§ Task requirements
The entries below hold a line with "X41171503Y-19434607D01*" and a line with "X9500781Y-11205220D01*". Return those lines and all that lie between them, exactly and only.

§ Stored data

/---

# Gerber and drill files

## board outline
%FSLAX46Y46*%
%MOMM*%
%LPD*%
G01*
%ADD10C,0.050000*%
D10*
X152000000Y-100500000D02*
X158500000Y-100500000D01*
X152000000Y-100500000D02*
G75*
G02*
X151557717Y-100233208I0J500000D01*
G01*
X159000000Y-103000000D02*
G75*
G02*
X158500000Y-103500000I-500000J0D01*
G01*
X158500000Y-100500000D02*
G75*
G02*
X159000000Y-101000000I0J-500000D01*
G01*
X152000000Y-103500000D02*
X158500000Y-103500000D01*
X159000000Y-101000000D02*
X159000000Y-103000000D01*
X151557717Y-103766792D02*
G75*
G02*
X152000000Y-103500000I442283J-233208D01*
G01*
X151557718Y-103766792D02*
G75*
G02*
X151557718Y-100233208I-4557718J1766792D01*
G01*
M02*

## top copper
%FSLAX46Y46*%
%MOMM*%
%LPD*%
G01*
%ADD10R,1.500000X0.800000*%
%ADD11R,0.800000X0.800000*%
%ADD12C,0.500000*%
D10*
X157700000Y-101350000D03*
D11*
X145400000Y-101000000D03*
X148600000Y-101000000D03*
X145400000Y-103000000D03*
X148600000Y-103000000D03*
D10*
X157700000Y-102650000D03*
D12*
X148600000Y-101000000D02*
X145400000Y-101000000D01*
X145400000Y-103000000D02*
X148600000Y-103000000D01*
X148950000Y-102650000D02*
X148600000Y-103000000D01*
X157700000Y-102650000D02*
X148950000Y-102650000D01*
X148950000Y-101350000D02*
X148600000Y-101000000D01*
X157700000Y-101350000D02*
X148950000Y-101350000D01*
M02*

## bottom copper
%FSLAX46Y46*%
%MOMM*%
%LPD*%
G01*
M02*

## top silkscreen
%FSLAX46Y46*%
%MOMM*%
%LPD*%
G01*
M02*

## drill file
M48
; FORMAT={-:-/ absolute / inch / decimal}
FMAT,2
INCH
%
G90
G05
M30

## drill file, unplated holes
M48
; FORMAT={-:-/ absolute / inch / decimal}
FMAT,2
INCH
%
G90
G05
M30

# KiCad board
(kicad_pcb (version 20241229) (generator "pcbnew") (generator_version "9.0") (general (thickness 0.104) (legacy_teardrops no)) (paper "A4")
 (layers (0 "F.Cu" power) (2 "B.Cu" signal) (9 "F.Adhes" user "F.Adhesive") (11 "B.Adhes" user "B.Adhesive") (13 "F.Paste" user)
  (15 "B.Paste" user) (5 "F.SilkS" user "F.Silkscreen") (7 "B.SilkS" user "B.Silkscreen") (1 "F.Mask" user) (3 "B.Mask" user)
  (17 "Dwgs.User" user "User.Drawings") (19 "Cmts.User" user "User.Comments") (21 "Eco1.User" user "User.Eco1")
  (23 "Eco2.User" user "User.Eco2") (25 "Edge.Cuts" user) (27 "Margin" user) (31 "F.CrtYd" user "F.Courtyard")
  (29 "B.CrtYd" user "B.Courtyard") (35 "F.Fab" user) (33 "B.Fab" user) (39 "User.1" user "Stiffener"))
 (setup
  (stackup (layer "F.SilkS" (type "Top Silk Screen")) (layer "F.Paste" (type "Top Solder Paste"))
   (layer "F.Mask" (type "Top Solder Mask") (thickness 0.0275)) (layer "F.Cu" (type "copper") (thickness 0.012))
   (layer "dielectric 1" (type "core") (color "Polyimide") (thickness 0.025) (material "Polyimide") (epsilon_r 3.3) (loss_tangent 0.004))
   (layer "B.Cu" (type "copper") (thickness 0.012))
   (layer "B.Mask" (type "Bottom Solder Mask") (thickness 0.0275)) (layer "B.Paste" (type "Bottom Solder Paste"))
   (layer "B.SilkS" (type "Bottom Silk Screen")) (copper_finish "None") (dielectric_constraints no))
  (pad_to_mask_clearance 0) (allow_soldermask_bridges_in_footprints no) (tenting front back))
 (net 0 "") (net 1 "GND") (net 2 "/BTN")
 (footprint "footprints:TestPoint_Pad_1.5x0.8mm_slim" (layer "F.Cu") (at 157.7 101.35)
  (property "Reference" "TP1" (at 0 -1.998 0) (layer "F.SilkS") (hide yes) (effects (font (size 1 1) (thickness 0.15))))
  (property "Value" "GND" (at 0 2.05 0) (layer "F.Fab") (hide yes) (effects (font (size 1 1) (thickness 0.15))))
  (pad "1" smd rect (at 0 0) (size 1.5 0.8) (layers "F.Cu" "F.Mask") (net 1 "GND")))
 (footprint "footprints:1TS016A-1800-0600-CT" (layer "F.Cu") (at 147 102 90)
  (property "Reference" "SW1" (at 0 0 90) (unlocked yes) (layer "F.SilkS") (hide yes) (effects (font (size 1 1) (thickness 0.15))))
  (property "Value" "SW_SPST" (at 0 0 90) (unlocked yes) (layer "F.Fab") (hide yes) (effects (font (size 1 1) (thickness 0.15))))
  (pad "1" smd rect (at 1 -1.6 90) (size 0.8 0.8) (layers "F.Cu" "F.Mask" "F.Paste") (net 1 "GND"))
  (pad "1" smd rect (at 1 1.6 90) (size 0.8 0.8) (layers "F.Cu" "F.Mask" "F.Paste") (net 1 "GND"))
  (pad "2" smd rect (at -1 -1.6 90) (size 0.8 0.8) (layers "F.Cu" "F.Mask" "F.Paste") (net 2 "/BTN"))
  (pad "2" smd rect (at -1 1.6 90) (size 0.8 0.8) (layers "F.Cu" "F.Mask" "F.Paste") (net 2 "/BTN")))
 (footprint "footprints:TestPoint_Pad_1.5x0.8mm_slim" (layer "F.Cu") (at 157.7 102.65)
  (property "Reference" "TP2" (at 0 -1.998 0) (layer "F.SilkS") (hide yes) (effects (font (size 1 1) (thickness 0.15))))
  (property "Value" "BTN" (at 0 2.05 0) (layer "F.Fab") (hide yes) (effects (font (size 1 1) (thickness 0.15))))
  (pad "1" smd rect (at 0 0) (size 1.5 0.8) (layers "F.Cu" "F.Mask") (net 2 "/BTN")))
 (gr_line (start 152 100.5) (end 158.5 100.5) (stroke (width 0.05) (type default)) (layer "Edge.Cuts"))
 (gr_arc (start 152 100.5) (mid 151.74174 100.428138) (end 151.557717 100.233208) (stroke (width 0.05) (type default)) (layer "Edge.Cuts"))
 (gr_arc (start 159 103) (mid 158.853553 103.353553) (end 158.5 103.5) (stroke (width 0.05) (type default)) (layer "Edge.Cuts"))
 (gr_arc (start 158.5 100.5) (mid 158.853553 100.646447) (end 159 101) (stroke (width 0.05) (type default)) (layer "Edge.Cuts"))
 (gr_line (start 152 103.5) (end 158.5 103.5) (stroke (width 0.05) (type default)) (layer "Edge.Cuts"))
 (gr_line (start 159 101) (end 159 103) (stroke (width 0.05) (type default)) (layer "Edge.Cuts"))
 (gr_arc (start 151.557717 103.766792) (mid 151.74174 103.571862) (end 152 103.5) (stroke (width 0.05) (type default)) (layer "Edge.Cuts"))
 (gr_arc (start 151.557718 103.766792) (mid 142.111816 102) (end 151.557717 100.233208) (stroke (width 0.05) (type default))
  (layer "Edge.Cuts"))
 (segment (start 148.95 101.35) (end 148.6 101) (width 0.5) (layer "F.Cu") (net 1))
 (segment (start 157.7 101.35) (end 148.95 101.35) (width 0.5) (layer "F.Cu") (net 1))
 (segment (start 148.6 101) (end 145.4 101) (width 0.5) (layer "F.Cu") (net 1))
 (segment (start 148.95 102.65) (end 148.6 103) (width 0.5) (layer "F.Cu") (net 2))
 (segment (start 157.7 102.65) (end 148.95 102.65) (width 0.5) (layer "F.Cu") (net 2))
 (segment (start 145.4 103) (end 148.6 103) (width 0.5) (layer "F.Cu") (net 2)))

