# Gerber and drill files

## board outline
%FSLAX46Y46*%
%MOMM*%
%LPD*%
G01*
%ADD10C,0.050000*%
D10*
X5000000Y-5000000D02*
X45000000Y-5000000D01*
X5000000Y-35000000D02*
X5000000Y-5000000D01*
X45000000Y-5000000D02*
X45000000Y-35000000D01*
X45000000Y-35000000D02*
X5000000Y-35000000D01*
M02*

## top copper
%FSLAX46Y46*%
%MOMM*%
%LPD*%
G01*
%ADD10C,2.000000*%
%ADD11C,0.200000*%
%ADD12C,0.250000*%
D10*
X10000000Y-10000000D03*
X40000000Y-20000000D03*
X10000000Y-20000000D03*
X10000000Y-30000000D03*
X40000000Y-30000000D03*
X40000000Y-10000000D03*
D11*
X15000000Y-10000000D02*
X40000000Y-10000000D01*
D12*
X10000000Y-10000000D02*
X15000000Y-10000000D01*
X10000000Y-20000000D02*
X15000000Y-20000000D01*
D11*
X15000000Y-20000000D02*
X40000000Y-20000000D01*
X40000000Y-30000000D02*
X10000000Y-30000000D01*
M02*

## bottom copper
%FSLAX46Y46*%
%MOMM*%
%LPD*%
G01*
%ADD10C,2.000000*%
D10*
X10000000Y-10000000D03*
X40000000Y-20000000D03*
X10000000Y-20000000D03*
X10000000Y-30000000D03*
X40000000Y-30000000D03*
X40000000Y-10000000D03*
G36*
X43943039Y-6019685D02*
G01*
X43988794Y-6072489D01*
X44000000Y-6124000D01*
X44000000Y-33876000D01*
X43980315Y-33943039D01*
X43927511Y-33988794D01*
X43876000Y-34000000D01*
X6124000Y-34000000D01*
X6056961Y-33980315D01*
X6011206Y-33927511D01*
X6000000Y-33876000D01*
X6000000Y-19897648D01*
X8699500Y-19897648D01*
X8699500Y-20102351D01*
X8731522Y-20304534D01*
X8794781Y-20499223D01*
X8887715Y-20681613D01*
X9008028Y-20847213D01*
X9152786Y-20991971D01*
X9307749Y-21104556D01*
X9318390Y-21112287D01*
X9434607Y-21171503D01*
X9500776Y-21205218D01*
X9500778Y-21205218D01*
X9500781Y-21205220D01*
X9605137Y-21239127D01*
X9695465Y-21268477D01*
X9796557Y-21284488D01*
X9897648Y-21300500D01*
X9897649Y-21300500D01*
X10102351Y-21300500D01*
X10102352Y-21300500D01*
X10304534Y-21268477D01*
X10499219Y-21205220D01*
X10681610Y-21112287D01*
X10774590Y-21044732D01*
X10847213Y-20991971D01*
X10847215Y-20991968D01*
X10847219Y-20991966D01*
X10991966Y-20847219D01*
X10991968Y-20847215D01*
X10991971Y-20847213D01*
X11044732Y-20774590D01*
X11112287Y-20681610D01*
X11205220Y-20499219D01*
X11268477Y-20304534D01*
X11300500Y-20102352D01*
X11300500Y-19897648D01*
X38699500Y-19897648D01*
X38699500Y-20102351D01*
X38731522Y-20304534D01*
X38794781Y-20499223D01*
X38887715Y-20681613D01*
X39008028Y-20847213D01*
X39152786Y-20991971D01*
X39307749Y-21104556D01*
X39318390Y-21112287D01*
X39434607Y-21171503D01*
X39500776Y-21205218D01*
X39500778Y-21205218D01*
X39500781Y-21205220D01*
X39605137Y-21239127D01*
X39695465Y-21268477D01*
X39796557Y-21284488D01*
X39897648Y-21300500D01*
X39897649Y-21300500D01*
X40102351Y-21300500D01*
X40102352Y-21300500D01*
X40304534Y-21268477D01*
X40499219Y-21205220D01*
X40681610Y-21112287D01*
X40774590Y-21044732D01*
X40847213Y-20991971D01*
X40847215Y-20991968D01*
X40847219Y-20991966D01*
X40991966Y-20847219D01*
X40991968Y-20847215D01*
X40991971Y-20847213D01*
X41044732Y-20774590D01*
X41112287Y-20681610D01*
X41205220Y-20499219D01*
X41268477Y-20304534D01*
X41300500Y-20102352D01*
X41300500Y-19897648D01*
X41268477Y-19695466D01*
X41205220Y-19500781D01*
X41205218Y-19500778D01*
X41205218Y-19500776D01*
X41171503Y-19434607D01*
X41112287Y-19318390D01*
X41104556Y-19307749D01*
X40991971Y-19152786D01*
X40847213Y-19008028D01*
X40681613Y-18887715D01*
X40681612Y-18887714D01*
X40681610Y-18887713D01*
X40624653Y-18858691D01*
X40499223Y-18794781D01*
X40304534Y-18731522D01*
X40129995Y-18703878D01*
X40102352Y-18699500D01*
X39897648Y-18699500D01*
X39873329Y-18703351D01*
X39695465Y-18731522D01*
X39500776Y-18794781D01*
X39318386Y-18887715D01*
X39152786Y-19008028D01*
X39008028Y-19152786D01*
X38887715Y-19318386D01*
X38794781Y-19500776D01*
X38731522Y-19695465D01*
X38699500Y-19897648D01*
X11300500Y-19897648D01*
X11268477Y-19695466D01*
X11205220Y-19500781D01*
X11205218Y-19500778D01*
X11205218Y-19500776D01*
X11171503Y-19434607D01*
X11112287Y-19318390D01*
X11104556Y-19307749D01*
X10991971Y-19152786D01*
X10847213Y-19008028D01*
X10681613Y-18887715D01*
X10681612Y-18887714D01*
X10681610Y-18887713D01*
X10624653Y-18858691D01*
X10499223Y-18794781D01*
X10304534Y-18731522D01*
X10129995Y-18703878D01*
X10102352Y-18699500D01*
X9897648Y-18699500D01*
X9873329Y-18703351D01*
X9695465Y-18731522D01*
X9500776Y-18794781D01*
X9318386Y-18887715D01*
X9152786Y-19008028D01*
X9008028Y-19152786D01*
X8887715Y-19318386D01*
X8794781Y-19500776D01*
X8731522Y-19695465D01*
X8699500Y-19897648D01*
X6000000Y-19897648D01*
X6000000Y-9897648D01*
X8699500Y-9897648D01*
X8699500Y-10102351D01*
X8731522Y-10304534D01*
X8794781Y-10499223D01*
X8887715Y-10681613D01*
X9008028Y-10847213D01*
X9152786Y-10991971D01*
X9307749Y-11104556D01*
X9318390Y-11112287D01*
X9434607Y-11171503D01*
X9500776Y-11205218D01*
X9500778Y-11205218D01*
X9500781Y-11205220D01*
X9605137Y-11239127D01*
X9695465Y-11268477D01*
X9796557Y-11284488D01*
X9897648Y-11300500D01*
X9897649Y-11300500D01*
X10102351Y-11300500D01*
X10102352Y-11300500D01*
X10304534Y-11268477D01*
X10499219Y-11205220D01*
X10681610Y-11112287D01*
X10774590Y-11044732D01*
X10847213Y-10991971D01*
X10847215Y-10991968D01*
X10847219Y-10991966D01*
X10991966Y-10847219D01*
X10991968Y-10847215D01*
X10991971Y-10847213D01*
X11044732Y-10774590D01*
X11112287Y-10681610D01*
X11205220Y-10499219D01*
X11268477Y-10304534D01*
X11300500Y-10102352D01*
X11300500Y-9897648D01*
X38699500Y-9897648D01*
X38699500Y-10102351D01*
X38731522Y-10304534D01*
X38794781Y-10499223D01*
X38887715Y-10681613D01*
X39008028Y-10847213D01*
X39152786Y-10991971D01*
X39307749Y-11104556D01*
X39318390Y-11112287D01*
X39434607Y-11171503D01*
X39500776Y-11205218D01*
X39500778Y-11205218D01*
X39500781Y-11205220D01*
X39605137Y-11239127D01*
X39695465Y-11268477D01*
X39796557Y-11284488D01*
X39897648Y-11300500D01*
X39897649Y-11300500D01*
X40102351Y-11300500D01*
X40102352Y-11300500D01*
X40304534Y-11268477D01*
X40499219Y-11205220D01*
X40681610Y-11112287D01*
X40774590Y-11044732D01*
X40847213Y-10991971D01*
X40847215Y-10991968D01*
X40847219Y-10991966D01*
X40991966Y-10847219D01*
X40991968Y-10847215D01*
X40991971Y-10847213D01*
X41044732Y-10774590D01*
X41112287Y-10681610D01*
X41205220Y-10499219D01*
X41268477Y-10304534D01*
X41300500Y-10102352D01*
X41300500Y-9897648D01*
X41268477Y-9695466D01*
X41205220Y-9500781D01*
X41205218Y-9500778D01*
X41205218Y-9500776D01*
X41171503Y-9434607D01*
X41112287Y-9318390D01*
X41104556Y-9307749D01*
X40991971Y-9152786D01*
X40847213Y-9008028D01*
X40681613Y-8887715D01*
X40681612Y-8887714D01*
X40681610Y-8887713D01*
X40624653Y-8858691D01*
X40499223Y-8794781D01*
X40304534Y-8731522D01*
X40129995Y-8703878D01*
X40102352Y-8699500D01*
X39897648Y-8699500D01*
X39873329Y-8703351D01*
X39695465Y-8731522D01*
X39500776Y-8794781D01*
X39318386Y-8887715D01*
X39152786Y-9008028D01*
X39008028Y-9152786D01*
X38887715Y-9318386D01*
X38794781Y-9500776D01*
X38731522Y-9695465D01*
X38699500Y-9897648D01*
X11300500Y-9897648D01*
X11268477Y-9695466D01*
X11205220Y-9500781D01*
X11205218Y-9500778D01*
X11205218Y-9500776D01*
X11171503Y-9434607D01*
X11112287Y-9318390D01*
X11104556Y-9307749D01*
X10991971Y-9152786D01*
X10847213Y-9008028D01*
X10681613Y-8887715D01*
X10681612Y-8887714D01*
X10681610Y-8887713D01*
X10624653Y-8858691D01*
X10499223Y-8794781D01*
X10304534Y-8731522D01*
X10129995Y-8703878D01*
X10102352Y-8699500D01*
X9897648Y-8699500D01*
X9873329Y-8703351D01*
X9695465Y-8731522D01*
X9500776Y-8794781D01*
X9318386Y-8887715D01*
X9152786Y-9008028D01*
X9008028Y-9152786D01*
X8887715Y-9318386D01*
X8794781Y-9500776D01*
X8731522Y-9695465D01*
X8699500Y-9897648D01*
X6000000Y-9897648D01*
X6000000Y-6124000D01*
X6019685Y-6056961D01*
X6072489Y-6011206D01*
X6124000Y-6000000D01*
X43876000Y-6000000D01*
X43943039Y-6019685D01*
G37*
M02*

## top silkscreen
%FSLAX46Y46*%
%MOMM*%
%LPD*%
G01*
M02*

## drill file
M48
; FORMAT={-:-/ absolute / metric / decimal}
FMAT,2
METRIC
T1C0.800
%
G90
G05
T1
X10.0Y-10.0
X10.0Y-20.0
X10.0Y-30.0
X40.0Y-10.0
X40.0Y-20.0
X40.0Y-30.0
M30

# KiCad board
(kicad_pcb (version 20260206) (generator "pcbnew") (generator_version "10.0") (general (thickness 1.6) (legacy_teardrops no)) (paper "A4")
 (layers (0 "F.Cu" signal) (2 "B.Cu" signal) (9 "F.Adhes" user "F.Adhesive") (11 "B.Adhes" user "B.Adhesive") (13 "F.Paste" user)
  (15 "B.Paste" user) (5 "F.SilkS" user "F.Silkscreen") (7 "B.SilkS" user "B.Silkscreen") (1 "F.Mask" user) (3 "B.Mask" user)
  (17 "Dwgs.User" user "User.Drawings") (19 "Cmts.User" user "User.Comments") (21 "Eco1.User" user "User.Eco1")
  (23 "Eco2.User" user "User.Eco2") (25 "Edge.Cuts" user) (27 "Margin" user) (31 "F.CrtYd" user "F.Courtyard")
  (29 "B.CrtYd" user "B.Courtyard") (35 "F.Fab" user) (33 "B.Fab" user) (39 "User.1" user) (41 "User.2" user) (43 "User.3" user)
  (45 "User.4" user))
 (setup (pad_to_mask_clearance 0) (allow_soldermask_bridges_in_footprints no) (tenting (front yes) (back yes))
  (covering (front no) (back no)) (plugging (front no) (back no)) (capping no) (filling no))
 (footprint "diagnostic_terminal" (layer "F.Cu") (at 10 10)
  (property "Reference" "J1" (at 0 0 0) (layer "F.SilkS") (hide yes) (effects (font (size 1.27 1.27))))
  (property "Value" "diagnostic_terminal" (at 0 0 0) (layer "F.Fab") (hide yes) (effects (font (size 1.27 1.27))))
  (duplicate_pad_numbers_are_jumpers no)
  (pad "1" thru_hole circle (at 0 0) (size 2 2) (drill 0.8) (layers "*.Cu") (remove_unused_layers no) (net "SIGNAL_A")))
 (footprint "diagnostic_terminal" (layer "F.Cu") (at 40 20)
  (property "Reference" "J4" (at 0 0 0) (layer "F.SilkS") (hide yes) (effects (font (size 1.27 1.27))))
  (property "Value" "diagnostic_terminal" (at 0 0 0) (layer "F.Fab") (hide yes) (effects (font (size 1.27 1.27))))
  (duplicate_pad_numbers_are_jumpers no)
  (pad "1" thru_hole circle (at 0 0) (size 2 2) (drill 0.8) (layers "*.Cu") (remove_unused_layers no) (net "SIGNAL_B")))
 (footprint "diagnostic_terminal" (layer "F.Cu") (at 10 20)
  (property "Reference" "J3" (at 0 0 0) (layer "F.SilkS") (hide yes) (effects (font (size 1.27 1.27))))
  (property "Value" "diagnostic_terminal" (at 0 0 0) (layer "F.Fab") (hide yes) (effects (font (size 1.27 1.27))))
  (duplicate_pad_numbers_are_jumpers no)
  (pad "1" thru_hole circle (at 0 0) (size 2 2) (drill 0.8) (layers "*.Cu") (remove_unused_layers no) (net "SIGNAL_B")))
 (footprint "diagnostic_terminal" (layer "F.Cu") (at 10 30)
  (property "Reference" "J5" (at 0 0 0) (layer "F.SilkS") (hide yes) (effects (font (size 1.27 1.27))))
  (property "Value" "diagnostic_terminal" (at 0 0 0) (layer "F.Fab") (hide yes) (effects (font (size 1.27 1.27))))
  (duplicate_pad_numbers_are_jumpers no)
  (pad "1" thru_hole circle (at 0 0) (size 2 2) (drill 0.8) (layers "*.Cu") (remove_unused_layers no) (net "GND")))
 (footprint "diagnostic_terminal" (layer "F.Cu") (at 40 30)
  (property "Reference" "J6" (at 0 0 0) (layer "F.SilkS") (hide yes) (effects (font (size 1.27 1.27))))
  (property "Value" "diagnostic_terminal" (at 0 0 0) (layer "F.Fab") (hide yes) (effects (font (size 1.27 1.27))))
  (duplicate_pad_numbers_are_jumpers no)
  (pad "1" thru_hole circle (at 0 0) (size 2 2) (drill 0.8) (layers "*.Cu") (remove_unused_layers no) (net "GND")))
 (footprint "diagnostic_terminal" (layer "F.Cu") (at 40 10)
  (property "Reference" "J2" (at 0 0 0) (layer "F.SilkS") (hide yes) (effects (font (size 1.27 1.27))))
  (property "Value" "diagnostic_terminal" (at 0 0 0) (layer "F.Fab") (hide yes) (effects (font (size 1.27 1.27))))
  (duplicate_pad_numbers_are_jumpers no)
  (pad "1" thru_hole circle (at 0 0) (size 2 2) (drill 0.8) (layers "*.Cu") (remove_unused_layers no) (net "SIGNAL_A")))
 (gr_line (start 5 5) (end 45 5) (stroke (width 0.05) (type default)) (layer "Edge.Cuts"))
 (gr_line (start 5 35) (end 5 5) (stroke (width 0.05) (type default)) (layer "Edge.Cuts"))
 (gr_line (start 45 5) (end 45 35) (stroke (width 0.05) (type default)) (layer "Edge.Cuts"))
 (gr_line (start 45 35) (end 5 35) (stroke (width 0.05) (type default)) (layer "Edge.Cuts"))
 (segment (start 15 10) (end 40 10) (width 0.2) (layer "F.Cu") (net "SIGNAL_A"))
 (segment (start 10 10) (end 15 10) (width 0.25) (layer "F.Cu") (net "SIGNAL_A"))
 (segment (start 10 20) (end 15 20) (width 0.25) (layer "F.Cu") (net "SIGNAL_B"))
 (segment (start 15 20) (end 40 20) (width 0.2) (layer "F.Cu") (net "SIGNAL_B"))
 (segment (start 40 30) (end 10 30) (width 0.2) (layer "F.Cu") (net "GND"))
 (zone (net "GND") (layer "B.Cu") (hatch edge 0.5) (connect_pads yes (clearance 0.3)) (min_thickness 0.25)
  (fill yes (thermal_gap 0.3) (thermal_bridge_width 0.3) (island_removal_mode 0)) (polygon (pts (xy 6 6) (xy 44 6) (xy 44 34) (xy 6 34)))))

\---

§ Your solution
X41171503Y-19434607D01*
X41112287Y-19318390D01*
X41104556Y-19307749D01*
X40991971Y-19152786D01*
X40847213Y-19008028D01*
X40681613Y-18887715D01*
X40681612Y-18887714D01*
X40681610Y-18887713D01*
X40624653Y-18858691D01*
X40499223Y-18794781D01*
X40304534Y-18731522D01*
X40129995Y-18703878D01*
X40102352Y-18699500D01*
X39897648Y-18699500D01*
X39873329Y-18703351D01*
X39695465Y-18731522D01*
X39500776Y-18794781D01*
X39318386Y-18887715D01*
X39152786Y-19008028D01*
X39008028Y-19152786D01*
X38887715Y-19318386D01*
X38794781Y-19500776D01*
X38731522Y-19695465D01*
X38699500Y-19897648D01*
X11300500Y-19897648D01*
X11268477Y-19695466D01*
X11205220Y-19500781D01*
X11205218Y-19500778D01*
X11205218Y-19500776D01*
X11171503Y-19434607D01*
X11112287Y-19318390D01*
X11104556Y-19307749D01*
X10991971Y-19152786D01*
X10847213Y-19008028D01*
X10681613Y-18887715D01*
X10681612Y-18887714D01*
X10681610Y-18887713D01*
X10624653Y-18858691D01*
X10499223Y-18794781D01*
X10304534Y-18731522D01*
X10129995Y-18703878D01*
X10102352Y-18699500D01*
X9897648Y-18699500D01*
X9873329Y-18703351D01*
X9695465Y-18731522D01*
X9500776Y-18794781D01*
X9318386Y-18887715D01*
X9152786Y-19008028D01*
X9008028Y-19152786D01*
X8887715Y-19318386D01*
X8794781Y-19500776D01*
X8731522Y-19695465D01*
X8699500Y-19897648D01*
X6000000Y-19897648D01*
X6000000Y-9897648D01*
X8699500Y-9897648D01*
X8699500Y-10102351D01*
X8731522Y-10304534D01*
X8794781Y-10499223D01*
X8887715Y-10681613D01*
X9008028Y-10847213D01*
X9152786Y-10991971D01*
X9307749Y-11104556D01*
X9318390Y-11112287D01*
X9434607Y-11171503D01*
X9500776Y-11205218D01*
X9500778Y-11205218D01*
X9500781Y-11205220D01*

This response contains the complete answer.